Losing Weight as a Couple: Seven Secrets to Long-Term Success
By Douglas E. Noll
I've lost 20 pounds in the past 60 days. My wife has lost 20 pounds too. We are in mid-life, self-employed, successful, extremely busy professionals. My wife is an internationally-known spiritual teacher. I am a well-known peacemaker, teacher, and mediator. We train with a trainer once a week in a variation of Power of 10 resistance training. I swim or ride a stationary bike daily for 15-20 minutes, walk the dog a half-mile daily, and spend the rest of my time on my computer, teaching, mediating, or practicing jazz violin.
How have we succeeded with our weight loss? I've distilled down how we approached this lifestyle problem into seven common-sense choices we have made.
We decided that we had to support each other even more than normal. Changing our social pattern around eating and food was going to be a stressful. We both jumped in together. Without supporting each other, the process of losing weight would be a lot more difficult. By supporting each other and walking this journey together, we put up the first wall against falling back to old eating habits. In the early weeks, we found ourselves irritable. Our normal emotional elasticity was limited. We really concentrated on each other during this uncomfortable time.
We had talked about losing weight for years. Our weight had come on slowly. We loved our wine and fine food (I love cooking). Our lifestyle was fun, comfortable, and pleasant. We talked a lot about "we should" without making a change. When we finally decided, we determined to be committed to a long process.

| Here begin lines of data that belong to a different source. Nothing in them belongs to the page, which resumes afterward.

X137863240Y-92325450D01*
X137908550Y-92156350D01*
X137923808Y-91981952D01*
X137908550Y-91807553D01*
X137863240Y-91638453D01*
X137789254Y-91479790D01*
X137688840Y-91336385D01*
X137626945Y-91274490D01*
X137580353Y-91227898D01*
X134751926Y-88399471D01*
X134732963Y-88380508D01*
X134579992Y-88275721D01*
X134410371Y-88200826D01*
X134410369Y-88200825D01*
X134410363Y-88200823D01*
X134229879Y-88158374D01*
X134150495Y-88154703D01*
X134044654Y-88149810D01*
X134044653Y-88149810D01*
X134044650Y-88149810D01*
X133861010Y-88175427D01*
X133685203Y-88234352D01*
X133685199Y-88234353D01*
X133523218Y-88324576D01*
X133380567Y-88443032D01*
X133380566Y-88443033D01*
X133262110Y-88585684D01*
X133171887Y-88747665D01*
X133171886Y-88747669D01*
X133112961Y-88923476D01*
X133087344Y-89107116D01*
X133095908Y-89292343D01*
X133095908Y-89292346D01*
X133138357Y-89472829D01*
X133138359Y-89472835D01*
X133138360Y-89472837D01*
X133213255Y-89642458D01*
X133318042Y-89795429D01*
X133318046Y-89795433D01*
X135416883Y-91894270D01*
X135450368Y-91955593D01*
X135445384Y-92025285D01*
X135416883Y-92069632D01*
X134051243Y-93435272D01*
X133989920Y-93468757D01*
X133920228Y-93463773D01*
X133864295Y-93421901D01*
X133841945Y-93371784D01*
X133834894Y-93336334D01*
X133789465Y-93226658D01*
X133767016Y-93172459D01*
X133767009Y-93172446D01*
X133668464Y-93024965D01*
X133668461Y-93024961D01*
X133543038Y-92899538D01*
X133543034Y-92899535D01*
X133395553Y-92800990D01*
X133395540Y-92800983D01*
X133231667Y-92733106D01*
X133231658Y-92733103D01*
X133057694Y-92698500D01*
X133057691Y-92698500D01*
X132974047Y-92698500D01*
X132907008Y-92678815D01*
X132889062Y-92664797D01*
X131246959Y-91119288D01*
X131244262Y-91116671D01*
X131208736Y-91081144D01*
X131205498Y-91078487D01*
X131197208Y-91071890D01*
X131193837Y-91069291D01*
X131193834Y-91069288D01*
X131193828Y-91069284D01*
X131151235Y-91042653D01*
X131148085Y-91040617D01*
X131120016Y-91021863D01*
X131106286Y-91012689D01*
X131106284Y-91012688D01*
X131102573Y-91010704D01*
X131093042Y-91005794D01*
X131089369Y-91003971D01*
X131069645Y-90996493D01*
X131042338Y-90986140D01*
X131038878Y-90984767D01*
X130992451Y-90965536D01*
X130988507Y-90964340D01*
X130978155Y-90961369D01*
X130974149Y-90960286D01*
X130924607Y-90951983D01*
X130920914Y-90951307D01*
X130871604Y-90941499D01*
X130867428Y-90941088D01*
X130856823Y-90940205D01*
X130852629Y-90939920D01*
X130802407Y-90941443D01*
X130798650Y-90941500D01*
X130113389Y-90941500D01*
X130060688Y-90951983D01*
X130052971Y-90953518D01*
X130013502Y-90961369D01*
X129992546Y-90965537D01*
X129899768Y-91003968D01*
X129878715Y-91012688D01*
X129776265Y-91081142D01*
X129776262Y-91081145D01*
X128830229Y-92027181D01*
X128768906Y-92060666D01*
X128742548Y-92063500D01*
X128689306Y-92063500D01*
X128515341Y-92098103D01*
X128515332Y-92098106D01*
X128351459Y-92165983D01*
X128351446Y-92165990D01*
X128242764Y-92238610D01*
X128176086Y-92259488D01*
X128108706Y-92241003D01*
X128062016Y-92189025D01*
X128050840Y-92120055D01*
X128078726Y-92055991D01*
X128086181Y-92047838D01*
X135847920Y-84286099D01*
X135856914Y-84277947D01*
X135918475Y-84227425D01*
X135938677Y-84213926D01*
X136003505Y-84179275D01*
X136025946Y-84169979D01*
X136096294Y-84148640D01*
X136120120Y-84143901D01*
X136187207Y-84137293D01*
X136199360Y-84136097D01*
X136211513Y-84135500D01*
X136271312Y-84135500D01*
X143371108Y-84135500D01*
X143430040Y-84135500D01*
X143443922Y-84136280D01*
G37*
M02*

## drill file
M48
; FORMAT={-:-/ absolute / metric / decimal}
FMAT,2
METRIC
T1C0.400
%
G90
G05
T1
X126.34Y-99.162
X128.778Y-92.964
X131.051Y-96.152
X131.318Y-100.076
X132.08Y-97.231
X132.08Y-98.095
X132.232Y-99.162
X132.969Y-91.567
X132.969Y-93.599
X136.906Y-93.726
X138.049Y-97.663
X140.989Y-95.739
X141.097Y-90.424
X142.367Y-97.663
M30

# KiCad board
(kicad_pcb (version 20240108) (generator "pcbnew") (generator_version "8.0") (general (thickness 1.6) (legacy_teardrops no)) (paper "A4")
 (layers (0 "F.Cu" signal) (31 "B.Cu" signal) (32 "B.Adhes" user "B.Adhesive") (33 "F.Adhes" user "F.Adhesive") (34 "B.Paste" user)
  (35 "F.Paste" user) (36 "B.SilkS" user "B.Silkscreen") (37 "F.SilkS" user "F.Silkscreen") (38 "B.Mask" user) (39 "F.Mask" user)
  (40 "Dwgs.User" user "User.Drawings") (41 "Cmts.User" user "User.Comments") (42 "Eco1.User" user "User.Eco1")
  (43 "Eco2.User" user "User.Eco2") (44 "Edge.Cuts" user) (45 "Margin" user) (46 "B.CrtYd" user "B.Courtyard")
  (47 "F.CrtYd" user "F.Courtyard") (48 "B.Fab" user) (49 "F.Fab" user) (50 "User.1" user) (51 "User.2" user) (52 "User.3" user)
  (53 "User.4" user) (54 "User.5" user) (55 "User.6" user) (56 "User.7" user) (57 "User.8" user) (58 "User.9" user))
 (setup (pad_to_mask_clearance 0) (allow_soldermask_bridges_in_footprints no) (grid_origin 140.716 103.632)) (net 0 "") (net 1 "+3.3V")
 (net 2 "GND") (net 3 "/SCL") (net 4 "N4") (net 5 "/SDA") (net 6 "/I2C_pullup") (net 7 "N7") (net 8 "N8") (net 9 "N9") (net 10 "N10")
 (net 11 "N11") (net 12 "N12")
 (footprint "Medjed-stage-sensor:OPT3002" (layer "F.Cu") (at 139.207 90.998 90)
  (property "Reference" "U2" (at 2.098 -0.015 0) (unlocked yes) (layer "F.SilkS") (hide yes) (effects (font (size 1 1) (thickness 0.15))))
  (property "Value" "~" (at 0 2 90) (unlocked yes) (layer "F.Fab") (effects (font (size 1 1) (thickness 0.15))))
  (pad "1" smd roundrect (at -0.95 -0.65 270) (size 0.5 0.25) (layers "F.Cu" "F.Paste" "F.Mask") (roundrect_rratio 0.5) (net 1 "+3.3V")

I am disciplined and my wife is learning discipline. We have made the discipline of eating correctly and dropping pounds a priority over almost everything else in our lives. Having discipline has been essential to our success. The goal of changing our eating lifestyle has become top of mind for us. And, the success of losing weight has been reinforcing.
Our weight did not come on in a few months. For me, every 5 pounds could be related back to a stressful event (usually a major trial in my trial lawyer days) over the past 30 years. We acknowledged to each other that weight loss would take some time. Ultimately, we have become satisfied with losing a quarter-pound a day or about 2-3 pounds a week. We have not found any quick way to reverse a process that took decades to accumulate. As long as we have lost something each week, we are happy.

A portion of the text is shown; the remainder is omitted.